Fixed by ec36755 and 63d33fb. Default values (sort by status, grouped by article, read mode off) don't change the URL.

Note that read mode affects all modules, not only amendements.

boogheta commented 8 years ago

Having readmode active for all pages results in breaking urls in Articles view since we don't have a url argument for the selected steps and article yet (urls such as articles.html?loi=pjl15-republique_numerique&read=1 will open on an open sidebar with only documentation inside which sounds problematic (and is not possible to activate normally until an article has been clicked))

So I don't feel like this can be put in production until then :/

In the mean time, maybe add a check that we are on amendements mode only for the readmode part or simply comment the viewmode url in the code until fixed in articles view

BTW: since we're urlizing all these arguments, diffMode in articles view should definitely also be part of it PS: Yes I know this needs to wait for mod1 to be better refactored :/

RouxRC commented 8 years ago

Another thing: currently navigating with the browser's previous/next page functionalities does not take these new arguments into account (meaning changing the amendment selected and displayed in the sidebar for instance or the view choice), not sure which is the best angular way to tell it to watch the location for those, maybe in the mainCtrl ? ping @fmassot

njoyard commented 8 years ago

I found a solution to handle URL changes on history back/forward, but now the problem lies in deciding which parameters should be handled that way.

For example with amendments, sort order and grouping mode are saved as querystring parameters, but if the user changes it multiple times we probably don't want that to add browser history entries.

So my proposal is to only allow history entries for parameters that change what is displayed, not how it is displayed, ie for amendments:

What do you think ?

boogheta commented 8 years ago

I discussed it briefly with our interface designer at médialab, we agreed that we prefer to make it consistent and apply it for everything: as long as something gets into the url, it should get into the history

njoyard commented 8 years ago

So we get rid of sorting/viewmode in the url then ? Otherwise the behavior will not be very consistent (eg. Open amendments for a step, change sorting a bunch of times, switch to a different step, change sorting.... Will make you have to pass through all display changes to go back to 1st step). Usually history movements does not affect display options IMO.

boogheta commented 8 years ago

I think the contrary: we definitely want these options in the urls for permalinks, and as long as something is in the url it should be reflected in history (even anchors behave like this on classical web) Open debate @fmassot @teymour etc. !

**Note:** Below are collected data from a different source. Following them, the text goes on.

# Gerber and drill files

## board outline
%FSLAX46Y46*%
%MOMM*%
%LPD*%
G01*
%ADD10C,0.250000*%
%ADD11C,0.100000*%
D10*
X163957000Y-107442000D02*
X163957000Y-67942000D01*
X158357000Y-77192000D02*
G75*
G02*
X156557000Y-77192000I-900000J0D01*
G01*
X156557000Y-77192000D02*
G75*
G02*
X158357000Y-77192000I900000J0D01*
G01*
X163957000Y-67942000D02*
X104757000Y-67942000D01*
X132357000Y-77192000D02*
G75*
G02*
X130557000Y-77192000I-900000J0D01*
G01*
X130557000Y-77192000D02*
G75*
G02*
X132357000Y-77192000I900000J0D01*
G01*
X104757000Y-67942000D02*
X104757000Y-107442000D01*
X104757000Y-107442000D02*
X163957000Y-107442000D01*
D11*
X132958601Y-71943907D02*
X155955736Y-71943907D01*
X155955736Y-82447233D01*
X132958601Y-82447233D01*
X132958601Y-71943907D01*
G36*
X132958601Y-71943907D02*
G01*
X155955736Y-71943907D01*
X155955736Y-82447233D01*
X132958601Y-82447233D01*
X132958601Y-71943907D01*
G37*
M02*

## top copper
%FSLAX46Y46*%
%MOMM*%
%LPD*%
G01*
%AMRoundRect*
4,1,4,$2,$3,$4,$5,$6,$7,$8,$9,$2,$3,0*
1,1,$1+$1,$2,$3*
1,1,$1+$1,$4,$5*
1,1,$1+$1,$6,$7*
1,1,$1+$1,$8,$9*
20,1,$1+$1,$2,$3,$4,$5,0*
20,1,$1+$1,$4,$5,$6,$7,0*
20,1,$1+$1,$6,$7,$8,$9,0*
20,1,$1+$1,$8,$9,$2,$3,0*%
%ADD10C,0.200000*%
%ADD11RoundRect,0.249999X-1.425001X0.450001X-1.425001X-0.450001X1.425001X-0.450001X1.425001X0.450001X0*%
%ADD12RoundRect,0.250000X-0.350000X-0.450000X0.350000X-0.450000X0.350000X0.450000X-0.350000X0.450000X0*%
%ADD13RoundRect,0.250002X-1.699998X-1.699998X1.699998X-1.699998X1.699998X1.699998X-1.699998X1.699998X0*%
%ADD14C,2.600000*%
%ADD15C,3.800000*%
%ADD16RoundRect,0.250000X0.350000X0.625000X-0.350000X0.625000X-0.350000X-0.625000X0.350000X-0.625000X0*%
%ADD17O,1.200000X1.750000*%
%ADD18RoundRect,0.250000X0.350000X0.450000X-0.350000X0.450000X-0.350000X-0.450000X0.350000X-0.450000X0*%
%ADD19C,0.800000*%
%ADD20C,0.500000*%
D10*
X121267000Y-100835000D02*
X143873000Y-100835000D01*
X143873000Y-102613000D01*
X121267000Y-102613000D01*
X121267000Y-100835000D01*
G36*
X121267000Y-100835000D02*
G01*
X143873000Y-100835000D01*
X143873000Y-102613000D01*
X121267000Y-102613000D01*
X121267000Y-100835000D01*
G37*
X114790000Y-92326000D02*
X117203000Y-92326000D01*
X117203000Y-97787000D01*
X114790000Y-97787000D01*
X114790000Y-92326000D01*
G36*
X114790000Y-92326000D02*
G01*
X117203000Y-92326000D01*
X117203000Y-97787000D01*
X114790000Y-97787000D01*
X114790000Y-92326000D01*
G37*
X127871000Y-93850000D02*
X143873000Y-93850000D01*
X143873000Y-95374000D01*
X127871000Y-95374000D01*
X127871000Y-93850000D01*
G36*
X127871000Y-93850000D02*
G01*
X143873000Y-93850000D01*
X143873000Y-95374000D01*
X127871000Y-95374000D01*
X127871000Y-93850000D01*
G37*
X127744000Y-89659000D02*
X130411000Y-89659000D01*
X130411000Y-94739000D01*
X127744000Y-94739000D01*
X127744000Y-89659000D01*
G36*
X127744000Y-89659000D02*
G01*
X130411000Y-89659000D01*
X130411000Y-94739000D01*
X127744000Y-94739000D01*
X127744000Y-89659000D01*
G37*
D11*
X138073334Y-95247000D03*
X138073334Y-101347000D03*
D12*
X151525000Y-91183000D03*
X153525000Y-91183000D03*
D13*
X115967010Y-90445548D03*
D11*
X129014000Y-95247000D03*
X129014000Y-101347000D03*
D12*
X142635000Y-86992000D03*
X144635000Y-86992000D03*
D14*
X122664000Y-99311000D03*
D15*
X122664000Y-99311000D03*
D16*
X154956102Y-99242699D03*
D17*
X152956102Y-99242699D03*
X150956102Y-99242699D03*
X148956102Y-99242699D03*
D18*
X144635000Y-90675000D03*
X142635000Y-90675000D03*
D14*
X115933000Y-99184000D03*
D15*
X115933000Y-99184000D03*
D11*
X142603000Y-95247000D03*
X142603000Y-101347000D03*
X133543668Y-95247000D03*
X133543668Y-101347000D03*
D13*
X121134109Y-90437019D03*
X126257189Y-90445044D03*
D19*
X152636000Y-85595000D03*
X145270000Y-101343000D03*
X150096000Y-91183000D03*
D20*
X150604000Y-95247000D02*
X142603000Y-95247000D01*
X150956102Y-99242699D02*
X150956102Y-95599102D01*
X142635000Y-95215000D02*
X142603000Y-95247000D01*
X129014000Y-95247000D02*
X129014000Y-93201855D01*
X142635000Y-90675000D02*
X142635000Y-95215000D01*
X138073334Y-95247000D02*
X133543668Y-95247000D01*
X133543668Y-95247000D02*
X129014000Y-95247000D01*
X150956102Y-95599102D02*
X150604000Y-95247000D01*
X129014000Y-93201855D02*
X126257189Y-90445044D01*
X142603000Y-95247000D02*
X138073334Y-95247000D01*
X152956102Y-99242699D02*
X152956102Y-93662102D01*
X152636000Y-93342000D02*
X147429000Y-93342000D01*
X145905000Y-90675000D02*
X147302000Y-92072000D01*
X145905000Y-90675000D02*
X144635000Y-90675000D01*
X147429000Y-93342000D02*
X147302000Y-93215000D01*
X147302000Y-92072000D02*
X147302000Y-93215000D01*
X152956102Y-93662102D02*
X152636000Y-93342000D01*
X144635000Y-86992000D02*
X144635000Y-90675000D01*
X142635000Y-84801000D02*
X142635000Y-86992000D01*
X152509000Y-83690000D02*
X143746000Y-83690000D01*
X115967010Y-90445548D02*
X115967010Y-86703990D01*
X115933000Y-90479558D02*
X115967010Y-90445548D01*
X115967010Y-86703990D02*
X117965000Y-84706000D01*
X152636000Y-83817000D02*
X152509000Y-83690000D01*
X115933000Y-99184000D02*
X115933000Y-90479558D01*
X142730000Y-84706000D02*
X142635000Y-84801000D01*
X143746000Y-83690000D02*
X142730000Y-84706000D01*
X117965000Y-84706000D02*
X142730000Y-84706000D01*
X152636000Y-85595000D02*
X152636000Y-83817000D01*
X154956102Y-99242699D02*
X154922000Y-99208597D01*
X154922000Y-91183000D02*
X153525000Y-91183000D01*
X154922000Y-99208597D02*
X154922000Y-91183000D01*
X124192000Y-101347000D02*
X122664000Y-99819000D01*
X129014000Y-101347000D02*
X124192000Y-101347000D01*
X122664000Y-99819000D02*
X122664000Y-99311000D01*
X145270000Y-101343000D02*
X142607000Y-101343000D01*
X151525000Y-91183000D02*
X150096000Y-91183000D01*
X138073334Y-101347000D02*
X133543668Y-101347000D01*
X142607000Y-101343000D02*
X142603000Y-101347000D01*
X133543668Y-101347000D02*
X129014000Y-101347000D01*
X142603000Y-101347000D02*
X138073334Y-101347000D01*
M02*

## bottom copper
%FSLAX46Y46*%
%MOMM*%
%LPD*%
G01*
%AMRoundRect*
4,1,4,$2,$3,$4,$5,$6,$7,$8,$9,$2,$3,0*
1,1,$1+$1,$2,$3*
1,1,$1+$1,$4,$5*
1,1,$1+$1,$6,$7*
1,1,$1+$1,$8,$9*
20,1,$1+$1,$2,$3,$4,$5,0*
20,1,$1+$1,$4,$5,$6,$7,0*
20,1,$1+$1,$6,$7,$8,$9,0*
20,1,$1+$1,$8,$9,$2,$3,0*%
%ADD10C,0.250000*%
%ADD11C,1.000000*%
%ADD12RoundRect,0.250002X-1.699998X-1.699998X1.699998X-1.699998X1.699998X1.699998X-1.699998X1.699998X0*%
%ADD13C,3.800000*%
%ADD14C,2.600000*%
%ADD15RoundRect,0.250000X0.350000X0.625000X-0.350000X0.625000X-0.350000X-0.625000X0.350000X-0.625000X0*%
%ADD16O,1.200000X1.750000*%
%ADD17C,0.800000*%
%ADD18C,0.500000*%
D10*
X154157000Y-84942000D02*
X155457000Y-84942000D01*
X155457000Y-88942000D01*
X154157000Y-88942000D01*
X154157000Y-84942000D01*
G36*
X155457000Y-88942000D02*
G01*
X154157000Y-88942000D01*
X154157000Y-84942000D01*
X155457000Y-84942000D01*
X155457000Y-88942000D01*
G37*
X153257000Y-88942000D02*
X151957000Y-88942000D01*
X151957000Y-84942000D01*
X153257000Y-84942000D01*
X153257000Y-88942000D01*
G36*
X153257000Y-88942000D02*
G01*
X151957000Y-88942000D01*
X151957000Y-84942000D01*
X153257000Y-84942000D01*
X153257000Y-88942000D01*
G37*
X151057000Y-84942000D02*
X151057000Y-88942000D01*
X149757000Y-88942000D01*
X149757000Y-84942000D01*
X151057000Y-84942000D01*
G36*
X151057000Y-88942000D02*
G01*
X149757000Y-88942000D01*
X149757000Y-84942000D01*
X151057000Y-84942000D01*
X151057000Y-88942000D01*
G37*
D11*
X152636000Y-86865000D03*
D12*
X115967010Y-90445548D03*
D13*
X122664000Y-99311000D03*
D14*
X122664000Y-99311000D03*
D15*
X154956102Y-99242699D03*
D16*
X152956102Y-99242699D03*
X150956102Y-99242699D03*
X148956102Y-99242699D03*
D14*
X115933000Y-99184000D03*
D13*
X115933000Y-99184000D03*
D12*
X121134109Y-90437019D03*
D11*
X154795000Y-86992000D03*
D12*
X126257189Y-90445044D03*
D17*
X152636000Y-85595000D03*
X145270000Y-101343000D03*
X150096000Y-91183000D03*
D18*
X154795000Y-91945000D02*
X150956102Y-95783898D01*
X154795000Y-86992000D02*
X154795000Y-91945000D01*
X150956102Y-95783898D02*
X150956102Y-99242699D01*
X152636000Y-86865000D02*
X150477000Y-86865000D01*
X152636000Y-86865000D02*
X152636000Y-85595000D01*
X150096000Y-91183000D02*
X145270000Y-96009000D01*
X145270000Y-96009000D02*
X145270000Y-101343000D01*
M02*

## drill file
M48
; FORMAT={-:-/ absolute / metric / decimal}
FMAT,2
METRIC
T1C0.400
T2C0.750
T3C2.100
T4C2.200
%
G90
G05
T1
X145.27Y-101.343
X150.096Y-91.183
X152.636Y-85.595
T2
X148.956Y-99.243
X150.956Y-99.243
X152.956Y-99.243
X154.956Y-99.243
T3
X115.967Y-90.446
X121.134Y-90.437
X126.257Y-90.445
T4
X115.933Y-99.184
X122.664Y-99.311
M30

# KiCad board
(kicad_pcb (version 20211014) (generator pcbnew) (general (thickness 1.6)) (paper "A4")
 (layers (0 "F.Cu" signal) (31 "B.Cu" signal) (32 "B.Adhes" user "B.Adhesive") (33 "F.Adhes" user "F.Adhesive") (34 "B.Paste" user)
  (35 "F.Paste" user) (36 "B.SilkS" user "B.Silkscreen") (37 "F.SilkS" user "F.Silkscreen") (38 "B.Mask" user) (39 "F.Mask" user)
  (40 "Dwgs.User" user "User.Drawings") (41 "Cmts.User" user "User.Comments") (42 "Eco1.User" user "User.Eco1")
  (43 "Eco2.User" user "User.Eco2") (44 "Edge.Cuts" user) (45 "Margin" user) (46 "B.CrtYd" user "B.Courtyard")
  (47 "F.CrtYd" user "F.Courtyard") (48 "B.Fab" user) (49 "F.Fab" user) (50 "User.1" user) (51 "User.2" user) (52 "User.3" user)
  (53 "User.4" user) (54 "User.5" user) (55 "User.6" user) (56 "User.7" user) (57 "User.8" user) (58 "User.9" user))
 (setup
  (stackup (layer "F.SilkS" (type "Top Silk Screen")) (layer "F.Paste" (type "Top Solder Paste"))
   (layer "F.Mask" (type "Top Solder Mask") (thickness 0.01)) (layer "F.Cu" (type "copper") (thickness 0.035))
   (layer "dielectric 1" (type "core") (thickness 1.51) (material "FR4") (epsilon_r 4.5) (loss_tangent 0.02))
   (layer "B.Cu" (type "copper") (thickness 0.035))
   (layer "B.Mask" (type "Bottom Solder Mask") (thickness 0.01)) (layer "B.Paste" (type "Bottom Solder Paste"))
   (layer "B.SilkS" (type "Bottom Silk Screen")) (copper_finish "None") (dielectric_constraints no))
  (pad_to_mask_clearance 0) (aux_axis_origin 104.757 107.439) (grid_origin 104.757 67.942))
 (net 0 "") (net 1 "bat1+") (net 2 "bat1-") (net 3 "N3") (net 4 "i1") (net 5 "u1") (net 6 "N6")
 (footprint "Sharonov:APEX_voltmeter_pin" (layer "F.Cu") (at 152.636 86.865)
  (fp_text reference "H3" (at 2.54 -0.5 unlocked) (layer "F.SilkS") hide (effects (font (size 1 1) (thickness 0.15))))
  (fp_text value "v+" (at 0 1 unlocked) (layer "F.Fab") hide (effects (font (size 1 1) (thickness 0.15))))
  (pad "1" smd circle (at 0 0) (size 1 1) (layers "B.Cu") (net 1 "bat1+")))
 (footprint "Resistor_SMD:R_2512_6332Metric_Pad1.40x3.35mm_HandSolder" (layer "F.Cu") (at 138.073334 98.297 -90)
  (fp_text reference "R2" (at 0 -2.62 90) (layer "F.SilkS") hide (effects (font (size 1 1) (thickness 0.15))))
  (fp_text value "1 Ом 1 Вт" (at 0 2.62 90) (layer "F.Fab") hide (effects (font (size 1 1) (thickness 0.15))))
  (pad "1" smd roundrect locked (at -3.05 0 270) (size 1.4 3.35) (layers "F.Cu" "F.Paste" "F.Mask") (roundrect_rratio 0.1785707143)
   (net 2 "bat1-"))
  (pad "2" smd roundrect locked (at 3.05 0 270) (size 1.4 3.35) (layers "F.Cu" "F.Paste" "F.Mask") (roundrect_rratio 0.1785707143)
   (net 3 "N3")))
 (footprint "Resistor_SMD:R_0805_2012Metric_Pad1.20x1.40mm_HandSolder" (layer "F.Cu") (at 152.525 91.183)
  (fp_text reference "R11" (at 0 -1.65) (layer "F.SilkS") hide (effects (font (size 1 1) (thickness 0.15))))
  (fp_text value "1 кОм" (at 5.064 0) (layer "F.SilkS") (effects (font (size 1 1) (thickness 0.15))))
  (pad "1" smd roundrect locked (at -1 0) (size 1.2 1.4) (layers "F.Cu" "F.Paste" "F.Mask") (roundrect_rratio 0.2083333333) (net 3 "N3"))
  (pad "2" smd roundrect locked (at 1 0) (size 1.2 1.4) (layers "F.Cu" "F.Paste" "F.Mask") (roundrect_rratio 0.2083333333) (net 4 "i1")))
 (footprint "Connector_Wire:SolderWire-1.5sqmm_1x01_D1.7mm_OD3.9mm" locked (layer "F.Cu") (at 115.96701 90.445548)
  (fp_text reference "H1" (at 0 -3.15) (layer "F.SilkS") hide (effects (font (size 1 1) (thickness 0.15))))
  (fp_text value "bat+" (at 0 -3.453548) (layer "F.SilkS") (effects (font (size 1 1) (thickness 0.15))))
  (pad "1" thru_hole roundrect locked (at 0 0) (size 3.9 3.9) (drill 2.1) (layers *.Cu *.Mask) (roundrect_rratio 0.06410307692)
   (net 1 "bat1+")))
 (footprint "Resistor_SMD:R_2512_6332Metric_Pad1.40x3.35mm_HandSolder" (layer "F.Cu") (at 129.014 98.297 -90)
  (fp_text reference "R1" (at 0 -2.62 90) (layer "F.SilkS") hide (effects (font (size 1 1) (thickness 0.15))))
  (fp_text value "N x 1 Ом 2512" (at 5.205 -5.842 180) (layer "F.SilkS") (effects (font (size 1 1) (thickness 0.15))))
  (pad "1" smd roundrect locked (at -3.05 0 270) (size 1.4 3.35) (layers "F.Cu" "F.Paste" "F.Mask") (roundrect_rratio 0.1785707143)
   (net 2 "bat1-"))
  (pad "2" smd roundrect locked (at 3.05 0 270) (size 1.4 3.35) (layers "F.Cu" "F.Paste" "F.Mask") (roundrect_rratio 0.1785707143)
   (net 3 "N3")))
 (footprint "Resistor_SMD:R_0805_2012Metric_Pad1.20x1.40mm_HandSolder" (layer "F.Cu") (at 143.635 86.992)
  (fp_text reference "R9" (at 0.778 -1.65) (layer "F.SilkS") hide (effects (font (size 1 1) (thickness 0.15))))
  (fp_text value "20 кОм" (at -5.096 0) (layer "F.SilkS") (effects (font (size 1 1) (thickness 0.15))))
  (pad "1" smd roundrect locked (at -1 0) (size 1.2 1.4) (layers "F.Cu" "F.Paste" "F.Mask") (roundrect_rratio 0.2083333333) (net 1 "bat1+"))
  (pad "2" smd roundrect locked (at 1 0) (size 1.2 1.4) (layers "F.Cu" "F.Paste" "F.Mask") (roundrect_rratio 0.2083333333) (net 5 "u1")))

njoyard commented 8 years ago

A quick remark though: the way I did it in amendments, view options are saved in the url. But they replace the last history entry. That way, when you go back in history, you don't have to click through all sort/group/etc changes, but the view options you had when you were there last are restored.

For example if you do the following actions:

Only 2 history points are saved (besides current url)

IOW, only points where what was displayed changed, each saved with the last display options that were active when you were there. At any time, the url still reflects exactly what you see and can be used to restore the exact same view (except for scrolling positions)

fmassot commented 8 years ago

I like the rule "everything in the url goes into the history" because this rule is general and simple. As a user, I don't really want to know if a url parameter is taken or not into the browser history. If a user need to click 70x on the back button to navigate correctly, there is something wrong and maybe some url parameters are useless or just add some noise, so we need to remove them.